**Source data**

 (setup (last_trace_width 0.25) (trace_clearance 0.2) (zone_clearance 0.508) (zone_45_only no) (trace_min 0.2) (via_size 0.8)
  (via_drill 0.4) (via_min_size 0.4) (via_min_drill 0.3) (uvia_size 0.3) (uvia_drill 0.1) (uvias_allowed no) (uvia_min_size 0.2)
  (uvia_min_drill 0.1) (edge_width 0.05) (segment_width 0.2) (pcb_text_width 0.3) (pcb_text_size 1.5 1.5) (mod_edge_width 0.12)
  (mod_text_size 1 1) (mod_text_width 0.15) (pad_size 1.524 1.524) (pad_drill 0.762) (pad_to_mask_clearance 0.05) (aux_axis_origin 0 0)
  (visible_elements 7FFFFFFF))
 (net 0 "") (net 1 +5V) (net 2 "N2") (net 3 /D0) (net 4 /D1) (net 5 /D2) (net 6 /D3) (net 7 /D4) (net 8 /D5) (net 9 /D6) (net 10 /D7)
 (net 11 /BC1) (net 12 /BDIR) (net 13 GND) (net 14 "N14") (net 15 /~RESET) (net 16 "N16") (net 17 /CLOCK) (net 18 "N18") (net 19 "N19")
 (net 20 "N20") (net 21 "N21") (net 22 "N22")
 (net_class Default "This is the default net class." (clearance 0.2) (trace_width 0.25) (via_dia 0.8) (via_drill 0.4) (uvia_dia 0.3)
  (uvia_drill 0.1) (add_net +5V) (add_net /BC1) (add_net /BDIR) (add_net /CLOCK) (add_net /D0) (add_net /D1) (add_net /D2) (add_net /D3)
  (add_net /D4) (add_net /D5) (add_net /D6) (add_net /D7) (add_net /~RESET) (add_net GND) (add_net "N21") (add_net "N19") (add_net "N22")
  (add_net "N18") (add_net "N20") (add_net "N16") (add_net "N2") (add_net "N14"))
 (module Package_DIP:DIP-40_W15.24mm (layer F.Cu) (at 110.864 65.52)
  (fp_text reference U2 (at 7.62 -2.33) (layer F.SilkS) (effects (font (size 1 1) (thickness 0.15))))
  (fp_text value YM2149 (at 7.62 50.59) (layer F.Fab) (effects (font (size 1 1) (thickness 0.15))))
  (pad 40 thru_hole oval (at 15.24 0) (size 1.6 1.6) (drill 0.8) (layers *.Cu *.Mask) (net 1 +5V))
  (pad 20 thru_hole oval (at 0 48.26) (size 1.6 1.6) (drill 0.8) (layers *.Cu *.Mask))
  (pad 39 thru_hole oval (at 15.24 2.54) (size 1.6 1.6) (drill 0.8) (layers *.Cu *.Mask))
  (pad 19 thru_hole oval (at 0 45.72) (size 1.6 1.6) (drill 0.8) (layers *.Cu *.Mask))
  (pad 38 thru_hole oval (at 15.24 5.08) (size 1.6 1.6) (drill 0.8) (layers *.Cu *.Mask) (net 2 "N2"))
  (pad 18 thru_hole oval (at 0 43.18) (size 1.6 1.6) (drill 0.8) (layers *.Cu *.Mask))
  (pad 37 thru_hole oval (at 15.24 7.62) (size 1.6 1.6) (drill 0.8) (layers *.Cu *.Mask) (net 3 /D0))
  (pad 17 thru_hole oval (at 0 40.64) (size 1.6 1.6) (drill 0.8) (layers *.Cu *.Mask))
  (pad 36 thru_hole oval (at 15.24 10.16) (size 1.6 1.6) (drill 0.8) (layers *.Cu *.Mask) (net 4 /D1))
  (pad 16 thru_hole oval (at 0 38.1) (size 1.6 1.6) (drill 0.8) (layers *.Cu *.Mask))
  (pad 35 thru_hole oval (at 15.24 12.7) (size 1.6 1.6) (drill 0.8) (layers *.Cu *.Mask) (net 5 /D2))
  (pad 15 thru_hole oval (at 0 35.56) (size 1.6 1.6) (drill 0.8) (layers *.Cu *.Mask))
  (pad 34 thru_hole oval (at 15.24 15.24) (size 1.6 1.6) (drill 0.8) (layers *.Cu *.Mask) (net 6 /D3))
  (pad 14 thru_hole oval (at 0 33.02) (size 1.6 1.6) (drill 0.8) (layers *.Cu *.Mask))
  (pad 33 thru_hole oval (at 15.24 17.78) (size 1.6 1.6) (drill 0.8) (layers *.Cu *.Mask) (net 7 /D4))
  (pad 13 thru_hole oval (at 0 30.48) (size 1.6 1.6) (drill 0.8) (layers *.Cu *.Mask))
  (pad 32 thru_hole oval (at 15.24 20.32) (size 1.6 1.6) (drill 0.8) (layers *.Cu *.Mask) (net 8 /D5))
...
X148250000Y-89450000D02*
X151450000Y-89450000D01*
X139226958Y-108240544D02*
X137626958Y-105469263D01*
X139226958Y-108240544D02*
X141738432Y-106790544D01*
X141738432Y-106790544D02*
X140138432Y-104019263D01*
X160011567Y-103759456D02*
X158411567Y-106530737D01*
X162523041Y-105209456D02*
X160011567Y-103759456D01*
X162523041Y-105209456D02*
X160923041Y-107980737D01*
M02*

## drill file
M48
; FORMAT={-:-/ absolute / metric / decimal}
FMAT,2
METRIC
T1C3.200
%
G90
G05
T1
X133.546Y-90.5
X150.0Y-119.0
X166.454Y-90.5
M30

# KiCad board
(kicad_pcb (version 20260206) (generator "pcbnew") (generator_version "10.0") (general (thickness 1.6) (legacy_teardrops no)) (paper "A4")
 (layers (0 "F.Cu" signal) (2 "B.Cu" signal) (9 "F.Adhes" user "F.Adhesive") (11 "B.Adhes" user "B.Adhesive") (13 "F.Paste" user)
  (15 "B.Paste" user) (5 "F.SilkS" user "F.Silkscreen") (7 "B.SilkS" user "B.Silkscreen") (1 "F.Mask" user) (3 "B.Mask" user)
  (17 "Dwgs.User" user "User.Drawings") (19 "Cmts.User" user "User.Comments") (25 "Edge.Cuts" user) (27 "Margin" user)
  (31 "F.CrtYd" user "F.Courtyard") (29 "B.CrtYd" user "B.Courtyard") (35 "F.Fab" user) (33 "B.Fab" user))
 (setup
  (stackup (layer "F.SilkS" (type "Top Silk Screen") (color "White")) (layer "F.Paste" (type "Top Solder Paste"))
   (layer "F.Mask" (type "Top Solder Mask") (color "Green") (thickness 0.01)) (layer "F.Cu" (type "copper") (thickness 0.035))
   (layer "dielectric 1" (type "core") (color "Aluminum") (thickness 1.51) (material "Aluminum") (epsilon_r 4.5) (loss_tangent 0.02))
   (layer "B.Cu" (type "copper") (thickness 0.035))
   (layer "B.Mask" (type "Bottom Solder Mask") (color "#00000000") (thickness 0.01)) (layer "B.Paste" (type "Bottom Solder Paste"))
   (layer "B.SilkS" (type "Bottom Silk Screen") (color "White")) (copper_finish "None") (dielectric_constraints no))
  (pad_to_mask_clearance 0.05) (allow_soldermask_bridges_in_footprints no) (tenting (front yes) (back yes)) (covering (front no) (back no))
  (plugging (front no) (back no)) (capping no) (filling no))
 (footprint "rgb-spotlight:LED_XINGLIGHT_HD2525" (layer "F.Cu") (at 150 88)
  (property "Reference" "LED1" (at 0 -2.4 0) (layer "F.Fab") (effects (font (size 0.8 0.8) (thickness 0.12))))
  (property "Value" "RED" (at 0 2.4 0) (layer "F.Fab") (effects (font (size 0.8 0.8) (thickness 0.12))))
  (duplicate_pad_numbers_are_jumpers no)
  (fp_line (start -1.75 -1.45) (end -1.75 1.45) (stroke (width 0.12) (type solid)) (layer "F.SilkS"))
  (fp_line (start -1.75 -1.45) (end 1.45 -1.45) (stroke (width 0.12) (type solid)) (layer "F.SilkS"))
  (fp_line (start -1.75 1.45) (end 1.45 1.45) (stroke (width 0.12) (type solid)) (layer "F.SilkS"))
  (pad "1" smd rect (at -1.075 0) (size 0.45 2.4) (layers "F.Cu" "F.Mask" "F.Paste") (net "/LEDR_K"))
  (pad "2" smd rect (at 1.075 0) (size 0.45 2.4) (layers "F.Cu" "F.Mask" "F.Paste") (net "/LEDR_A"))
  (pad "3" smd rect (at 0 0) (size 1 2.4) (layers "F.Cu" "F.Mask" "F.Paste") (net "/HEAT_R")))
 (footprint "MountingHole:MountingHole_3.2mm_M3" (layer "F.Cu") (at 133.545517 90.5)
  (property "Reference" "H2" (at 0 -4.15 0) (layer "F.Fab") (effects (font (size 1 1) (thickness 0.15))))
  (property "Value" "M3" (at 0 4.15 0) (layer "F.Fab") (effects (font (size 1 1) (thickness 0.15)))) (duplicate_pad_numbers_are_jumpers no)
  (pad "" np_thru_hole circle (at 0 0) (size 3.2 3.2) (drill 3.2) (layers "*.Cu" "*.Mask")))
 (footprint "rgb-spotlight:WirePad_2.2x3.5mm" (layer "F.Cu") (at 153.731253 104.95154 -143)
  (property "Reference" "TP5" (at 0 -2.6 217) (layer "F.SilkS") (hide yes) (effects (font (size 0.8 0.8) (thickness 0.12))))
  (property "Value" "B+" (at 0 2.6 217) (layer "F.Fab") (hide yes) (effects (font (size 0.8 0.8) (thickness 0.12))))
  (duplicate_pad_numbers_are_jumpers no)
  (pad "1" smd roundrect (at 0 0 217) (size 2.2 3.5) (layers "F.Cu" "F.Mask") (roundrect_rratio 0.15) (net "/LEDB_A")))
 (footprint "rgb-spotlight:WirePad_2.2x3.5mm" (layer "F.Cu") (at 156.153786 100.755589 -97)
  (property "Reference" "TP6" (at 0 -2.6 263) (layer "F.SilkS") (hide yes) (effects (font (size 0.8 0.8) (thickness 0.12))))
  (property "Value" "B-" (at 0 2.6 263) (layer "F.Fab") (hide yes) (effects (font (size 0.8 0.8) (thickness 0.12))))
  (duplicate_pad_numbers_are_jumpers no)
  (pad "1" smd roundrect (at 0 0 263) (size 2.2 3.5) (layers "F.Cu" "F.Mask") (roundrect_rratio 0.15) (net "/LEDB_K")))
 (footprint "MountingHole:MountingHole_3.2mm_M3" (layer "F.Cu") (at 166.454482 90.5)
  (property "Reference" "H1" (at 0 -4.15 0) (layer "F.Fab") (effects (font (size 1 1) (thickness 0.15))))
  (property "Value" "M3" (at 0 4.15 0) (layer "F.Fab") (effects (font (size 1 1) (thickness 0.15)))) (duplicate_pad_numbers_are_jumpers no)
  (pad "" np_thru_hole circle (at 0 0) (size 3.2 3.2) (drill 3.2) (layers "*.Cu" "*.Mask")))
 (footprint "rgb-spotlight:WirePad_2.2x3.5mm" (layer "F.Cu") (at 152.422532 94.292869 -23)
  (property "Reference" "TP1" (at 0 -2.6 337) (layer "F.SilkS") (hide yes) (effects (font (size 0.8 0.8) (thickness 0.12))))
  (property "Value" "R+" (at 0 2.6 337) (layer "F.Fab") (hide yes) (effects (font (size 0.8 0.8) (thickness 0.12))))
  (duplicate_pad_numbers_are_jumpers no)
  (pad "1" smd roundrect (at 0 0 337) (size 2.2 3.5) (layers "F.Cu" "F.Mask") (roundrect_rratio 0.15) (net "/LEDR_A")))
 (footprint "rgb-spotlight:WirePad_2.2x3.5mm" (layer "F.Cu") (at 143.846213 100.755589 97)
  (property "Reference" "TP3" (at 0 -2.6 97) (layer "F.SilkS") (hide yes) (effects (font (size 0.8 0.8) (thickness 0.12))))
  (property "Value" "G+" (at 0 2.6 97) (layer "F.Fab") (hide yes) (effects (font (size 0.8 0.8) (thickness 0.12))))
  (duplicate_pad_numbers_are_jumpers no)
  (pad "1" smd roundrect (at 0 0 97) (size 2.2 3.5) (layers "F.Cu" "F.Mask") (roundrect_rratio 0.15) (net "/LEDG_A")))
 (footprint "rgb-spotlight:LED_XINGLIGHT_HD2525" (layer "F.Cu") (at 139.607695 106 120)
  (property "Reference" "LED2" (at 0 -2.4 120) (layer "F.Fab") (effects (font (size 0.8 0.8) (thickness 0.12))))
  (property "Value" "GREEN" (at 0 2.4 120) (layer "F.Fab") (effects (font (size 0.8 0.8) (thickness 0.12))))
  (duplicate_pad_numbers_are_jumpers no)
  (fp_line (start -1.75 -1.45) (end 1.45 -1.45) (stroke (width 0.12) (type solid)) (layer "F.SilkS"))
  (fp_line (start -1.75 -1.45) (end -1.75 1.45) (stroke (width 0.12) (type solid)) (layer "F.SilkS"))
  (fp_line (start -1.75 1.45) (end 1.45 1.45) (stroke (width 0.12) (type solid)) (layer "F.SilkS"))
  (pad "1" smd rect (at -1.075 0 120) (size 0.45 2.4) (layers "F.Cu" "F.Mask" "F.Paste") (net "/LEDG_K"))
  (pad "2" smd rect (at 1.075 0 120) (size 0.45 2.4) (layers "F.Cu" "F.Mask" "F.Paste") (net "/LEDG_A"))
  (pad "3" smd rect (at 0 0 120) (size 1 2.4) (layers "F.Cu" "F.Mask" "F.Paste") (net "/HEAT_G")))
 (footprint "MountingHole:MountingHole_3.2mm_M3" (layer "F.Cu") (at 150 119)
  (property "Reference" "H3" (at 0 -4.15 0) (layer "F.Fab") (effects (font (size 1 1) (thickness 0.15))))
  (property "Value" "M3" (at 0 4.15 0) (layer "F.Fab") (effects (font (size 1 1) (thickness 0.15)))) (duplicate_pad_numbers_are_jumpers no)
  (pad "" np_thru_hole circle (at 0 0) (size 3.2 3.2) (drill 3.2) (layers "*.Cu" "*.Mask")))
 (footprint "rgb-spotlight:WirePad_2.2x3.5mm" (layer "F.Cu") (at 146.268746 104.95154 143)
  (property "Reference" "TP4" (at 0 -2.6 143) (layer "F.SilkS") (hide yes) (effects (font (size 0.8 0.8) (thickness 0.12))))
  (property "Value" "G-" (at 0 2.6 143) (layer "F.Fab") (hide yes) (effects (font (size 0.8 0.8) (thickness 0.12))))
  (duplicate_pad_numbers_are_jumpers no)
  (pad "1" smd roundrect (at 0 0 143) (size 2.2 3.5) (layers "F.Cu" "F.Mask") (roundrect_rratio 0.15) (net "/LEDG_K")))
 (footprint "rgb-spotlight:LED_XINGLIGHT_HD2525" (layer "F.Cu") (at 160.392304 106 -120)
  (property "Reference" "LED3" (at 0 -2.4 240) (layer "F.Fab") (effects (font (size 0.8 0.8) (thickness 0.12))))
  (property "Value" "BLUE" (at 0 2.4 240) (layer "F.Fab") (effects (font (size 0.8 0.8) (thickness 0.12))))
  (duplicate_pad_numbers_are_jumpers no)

**Task brief**
What you give back must be the stretch above, starting at the line with "0 217) (size" and ending at the line with "0 -2.6 263)", copied exactly.

**Written response**
  (pad "1" smd roundrect (at 0 0 217) (size 2.2 3.5) (layers "F.Cu" "F.Mask") (roundrect_rratio 0.15) (net "/LEDB_A")))
 (footprint "rgb-spotlight:WirePad_2.2x3.5mm" (layer "F.Cu") (at 156.153786 100.755589 -97)
  (property "Reference" "TP6" (at 0 -2.6 263) (layer "F.SilkS") (hide yes) (effects (font (size 0.8 0.8) (thickness 0.12))))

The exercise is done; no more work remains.